* [Dataset entries]:
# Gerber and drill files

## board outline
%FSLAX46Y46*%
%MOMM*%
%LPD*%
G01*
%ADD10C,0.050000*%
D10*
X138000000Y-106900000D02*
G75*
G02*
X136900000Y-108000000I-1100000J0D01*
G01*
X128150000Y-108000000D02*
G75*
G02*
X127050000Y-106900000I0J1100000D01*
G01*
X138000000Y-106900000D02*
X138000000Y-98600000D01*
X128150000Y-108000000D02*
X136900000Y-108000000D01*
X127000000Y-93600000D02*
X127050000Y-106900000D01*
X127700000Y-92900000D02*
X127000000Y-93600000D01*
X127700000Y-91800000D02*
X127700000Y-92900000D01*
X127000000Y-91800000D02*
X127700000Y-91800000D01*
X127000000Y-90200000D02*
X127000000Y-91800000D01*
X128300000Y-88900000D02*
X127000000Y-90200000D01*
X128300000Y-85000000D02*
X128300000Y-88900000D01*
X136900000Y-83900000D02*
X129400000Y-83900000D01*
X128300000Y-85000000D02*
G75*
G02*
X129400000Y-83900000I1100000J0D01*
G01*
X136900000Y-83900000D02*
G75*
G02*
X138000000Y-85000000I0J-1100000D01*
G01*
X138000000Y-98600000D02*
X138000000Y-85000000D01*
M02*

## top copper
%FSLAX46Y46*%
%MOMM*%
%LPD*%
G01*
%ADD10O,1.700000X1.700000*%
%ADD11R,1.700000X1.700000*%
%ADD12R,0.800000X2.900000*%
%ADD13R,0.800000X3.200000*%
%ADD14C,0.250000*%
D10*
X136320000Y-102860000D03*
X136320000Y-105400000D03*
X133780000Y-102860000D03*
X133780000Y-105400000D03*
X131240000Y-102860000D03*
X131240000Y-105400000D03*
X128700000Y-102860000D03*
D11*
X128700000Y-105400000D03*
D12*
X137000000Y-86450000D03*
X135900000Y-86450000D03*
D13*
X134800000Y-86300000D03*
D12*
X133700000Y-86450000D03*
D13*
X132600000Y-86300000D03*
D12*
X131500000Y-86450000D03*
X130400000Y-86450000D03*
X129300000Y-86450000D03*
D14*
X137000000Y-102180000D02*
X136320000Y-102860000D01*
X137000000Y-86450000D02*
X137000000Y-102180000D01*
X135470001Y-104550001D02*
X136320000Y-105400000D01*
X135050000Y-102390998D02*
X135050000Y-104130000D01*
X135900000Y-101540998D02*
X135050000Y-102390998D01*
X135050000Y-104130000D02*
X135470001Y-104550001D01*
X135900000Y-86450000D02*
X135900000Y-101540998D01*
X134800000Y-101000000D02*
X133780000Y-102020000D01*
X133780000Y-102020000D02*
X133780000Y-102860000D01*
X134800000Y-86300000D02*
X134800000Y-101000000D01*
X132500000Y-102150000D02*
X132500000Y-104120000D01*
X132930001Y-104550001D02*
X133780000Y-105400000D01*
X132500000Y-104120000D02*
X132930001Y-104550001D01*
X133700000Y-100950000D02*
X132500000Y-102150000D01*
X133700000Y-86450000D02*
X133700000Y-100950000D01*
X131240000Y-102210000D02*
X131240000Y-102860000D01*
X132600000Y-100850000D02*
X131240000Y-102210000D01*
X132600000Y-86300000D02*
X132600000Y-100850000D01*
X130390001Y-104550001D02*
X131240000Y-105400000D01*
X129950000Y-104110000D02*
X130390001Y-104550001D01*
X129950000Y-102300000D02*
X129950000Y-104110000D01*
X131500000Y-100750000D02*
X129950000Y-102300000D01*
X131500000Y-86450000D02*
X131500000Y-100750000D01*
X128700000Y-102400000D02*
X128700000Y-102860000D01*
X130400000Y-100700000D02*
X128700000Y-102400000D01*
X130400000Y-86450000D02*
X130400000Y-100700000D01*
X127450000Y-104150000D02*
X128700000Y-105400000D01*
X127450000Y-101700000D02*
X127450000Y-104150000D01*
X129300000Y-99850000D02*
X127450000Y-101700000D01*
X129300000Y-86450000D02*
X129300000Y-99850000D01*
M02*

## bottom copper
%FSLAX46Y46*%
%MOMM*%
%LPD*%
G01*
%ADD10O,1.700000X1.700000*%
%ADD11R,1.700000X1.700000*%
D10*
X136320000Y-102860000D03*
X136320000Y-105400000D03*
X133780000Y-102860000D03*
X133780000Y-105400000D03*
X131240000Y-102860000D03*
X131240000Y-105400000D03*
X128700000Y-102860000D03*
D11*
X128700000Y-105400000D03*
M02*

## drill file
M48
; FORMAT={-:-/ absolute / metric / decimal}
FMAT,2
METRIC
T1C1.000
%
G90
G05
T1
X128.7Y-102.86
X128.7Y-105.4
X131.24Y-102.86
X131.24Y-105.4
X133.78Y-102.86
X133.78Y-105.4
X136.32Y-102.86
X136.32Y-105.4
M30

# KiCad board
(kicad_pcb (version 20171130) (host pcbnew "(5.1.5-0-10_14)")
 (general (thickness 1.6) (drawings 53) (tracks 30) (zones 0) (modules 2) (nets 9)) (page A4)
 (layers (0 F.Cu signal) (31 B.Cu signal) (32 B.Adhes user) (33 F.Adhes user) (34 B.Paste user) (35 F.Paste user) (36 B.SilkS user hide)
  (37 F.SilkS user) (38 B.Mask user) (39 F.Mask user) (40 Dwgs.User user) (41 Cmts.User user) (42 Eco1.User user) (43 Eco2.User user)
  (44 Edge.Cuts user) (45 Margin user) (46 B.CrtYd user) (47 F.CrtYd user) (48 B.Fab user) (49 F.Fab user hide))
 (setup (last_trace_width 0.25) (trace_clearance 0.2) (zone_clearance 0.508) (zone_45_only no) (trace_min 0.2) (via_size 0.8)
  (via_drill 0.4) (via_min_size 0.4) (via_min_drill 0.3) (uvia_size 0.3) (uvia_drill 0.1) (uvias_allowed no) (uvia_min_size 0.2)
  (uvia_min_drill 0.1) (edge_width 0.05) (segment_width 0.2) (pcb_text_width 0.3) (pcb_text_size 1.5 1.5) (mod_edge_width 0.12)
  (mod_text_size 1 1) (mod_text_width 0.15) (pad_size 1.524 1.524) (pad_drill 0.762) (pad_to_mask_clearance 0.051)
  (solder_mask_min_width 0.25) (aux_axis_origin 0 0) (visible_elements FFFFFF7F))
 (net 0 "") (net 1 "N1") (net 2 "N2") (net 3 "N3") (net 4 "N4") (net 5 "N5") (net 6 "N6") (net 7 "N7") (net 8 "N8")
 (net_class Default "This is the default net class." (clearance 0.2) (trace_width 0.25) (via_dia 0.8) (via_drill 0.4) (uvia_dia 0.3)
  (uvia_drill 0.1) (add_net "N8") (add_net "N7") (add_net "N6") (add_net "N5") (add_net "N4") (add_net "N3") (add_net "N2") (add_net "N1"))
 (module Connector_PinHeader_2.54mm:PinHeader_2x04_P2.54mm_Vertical (layer F.Cu) (at 128.7 105.4 90)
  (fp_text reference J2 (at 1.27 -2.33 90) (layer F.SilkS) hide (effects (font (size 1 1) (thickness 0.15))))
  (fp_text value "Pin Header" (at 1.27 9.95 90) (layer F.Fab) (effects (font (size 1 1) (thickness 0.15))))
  (pad 8 thru_hole oval (at 2.54 7.62 90) (size 1.7 1.7) (drill 1) (layers *.Cu *.Mask) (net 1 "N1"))
  (pad 7 thru_hole oval (at 0 7.62 90) (size 1.7 1.7) (drill 1) (layers *.Cu *.Mask) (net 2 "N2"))
  (pad 6 thru_hole oval (at 2.54 5.08 90) (size 1.7 1.7) (drill 1) (layers *.Cu *.Mask) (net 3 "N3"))
  (pad 5 thru_hole oval (at 0 5.08 90) (size 1.7 1.7) (drill 1) (layers *.Cu *.Mask) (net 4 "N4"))
  (pad 4 thru_hole oval (at 2.54 2.54 90) (size 1.7 1.7) (drill 1) (layers *.Cu *.Mask) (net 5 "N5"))
  (pad 3 thru_hole oval (at 0 2.54 90) (size 1.7 1.7) (drill 1) (layers *.Cu *.Mask) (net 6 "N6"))
  (pad 2 thru_hole oval (at 2.54 0 90) (size 1.7 1.7) (drill 1) (layers *.Cu *.Mask) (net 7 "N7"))
  (pad 1 thru_hole rect (at 0 0 90) (size 1.7 1.7) (drill 1) (layers *.Cu *.Mask) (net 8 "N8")))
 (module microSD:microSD (layer F.Cu) (at 133.15 88)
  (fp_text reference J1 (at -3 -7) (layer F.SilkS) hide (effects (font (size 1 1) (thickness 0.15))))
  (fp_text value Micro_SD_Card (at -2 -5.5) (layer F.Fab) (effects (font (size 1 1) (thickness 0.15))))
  (pad 8 smd rect (at 3.85 -1.55) (size 0.8 2.9) (layers F.Cu F.Paste F.Mask) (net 1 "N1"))
  (pad 7 smd rect (at 2.75 -1.55) (size 0.8 2.9) (layers F.Cu F.Paste F.Mask) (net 2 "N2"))
  (pad 6 smd rect (at 1.65 -1.7) (size 0.8 3.2) (layers F.Cu F.Paste F.Mask) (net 3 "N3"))
  (pad 5 smd rect (at 0.55 -1.55) (size 0.8 2.9) (layers F.Cu F.Paste F.Mask) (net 4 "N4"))
  (pad 4 smd rect (at -0.55 -1.7) (size 0.8 3.2) (layers F.Cu F.Paste F.Mask) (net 5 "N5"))
  (pad 3 smd rect (at -1.65 -1.55) (size 0.8 2.9) (layers F.Cu F.Paste F.Mask) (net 6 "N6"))
  (pad 2 smd rect (at -2.75 -1.55) (size 0.8 2.9) (layers F.Cu F.Paste F.Mask) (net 7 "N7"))
  (pad 1 smd rect (at -3.85 -1.55) (size 0.8 2.9) (layers F.Cu F.Paste F.Mask) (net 8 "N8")))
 (gr_arc (start 136.9 106.9) (end 136.9 108) (angle -90) (layer Edge.Cuts) (width 0.05))
 (gr_arc (start 128.15 106.9) (end 127.05 106.9) (angle -90) (layer Edge.Cuts) (width 0.05))
 (gr_line (start 138 106.9) (end 138 98.6) (layer Edge.Cuts) (width 0.05))
 (gr_line (start 128.15 108) (end 136.9 108) (layer Edge.Cuts) (width 0.05))
 (gr_line (start 127 93.6) (end 127.05 106.9) (layer Edge.Cuts) (width 0.05))
 (gr_line (start 127.7 92.9) (end 127 93.6) (layer Edge.Cuts) (width 0.05))
 (gr_line (start 127.7 91.8) (end 127.7 92.9) (layer Edge.Cuts) (width 0.05))
 (gr_line (start 127 91.8) (end 127.7 91.8) (layer Edge.Cuts) (width 0.05))
 (gr_line (start 127 90.2) (end 127 91.8) (layer Edge.Cuts) (width 0.05))
 (gr_line (start 128.3 88.9) (end 127 90.2) (layer Edge.Cuts) (width 0.05))
 (gr_line (start 128.3 85) (end 128.3 88.9) (layer Edge.Cuts) (width 0.05))
 (gr_line (start 136.9 83.9) (end 129.4 83.9) (layer Edge.Cuts) (width 0.05))
 (gr_arc (start 129.4 85) (end 129.4 83.9) (angle -90) (layer Edge.Cuts) (width 0.05))
 (gr_arc (start 136.9 85) (end 138 85) (angle -90) (layer Edge.Cuts) (width 0.05))
 (gr_line (start 138 98.6) (end 138 85) (layer Edge.Cuts) (width 0.05))
 (segment (start 137 102.18) (end 136.32 102.86) (width 0.25) (layer F.Cu) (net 1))
 (segment (start 137 86.45) (end 137 102.18) (width 0.25) (layer F.Cu) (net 1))
 (segment (start 135.470001 104.550001) (end 136.32 105.4) (width 0.25) (layer F.Cu) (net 2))
 (segment (start 135.05 102.390998) (end 135.05 104.13) (width 0.25) (layer F.Cu) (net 2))
 (segment (start 135.9 101.540998) (end 135.05 102.390998) (width 0.25) (layer F.Cu) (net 2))
 (segment (start 135.05 104.13) (end 135.470001 104.550001) (width 0.25) (layer F.Cu) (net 2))
 (segment (start 135.9 86.45) (end 135.9 101.540998) (width 0.25) (layer F.Cu) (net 2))
 (segment (start 134.8 101) (end 133.78 102.02) (width 0.25) (layer F.Cu) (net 3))
 (segment (start 133.78 102.02) (end 133.78 102.86) (width 0.25) (layer F.Cu) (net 3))
 (segment (start 134.8 86.3) (end 134.8 101) (width 0.25) (layer F.Cu) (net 3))
 (segment (start 132.5 102.15) (end 132.5 104.12) (width 0.25) (layer F.Cu) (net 4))
 (segment (start 132.930001 104.550001) (end 133.78 105.4) (width 0.25) (layer F.Cu) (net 4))
 (segment (start 132.5 104.12) (end 132.930001 104.550001) (width 0.25) (layer F.Cu) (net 4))
 (segment (start 133.7 100.95) (end 132.5 102.15) (width 0.25) (layer F.Cu) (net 4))
 (segment (start 133.7 86.45) (end 133.7 100.95) (width 0.25) (layer F.Cu) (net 4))
 (segment (start 131.24 102.21) (end 131.24 102.86) (width 0.25) (layer F.Cu) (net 5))
 (segment (start 132.6 100.85) (end 131.24 102.21) (width 0.25) (layer F.Cu) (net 5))
 (segment (start 132.6 86.3) (end 132.6 100.85) (width 0.25) (layer F.Cu) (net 5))
 (segment (start 130.390001 104.550001) (end 131.24 105.4) (width 0.25) (layer F.Cu) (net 6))
 (segment (start 129.95 104.11) (end 130.390001 104.550001) (width 0.25) (layer F.Cu) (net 6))
 (segment (start 129.95 102.3) (end 129.95 104.11) (width 0.25) (layer F.Cu) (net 6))
 (segment (start 131.5 100.75) (end 129.95 102.3) (width 0.25) (layer F.Cu) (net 6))
 (segment (start 131.5 86.45) (end 131.5 100.75) (width 0.25) (layer F.Cu) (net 6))
 (segment (start 128.7 102.4) (end 128.7 102.86) (width 0.25) (layer F.Cu) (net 7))
 (segment (start 130.4 100.7) (end 128.7 102.4) (width 0.25) (layer F.Cu) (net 7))
 (segment (start 130.4 86.45) (end 130.4 100.7) (width 0.25) (layer F.Cu) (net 7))
 (segment (start 127.45 104.15) (end 128.7 105.4) (width 0.25) (layer F.Cu) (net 8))
 (segment (start 127.45 101.7) (end 127.45 104.15) (width 0.25) (layer F.Cu) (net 8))
 (segment (start 129.3 99.85) (end 127.45 101.7) (width 0.25) (layer F.Cu) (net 8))
 (segment (start 129.3 86.45) (end 129.3 99.85) (width 0.25) (layer F.Cu) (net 8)))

* [Assignment]: Nothing should appear in the answer except the lines above from the line with "X129950000Y-102300000D02*" through the line with "X129300000Y-99850000D02*", both included, written out exactly.

* [Answer for this exercise]:
X129950000Y-102300000D02*
X129950000Y-104110000D01*
X131500000Y-100750000D02*
X129950000Y-102300000D01*
X131500000Y-86450000D02*
X131500000Y-100750000D01*
X128700000Y-102400000D02*
X128700000Y-102860000D01*
X130400000Y-100700000D02*
X128700000Y-102400000D01*
X130400000Y-86450000D02*
X130400000Y-100700000D01*
X127450000Y-104150000D02*
X128700000Y-105400000D01*
X127450000Y-101700000D02*
X127450000Y-104150000D01*
X129300000Y-99850000D02*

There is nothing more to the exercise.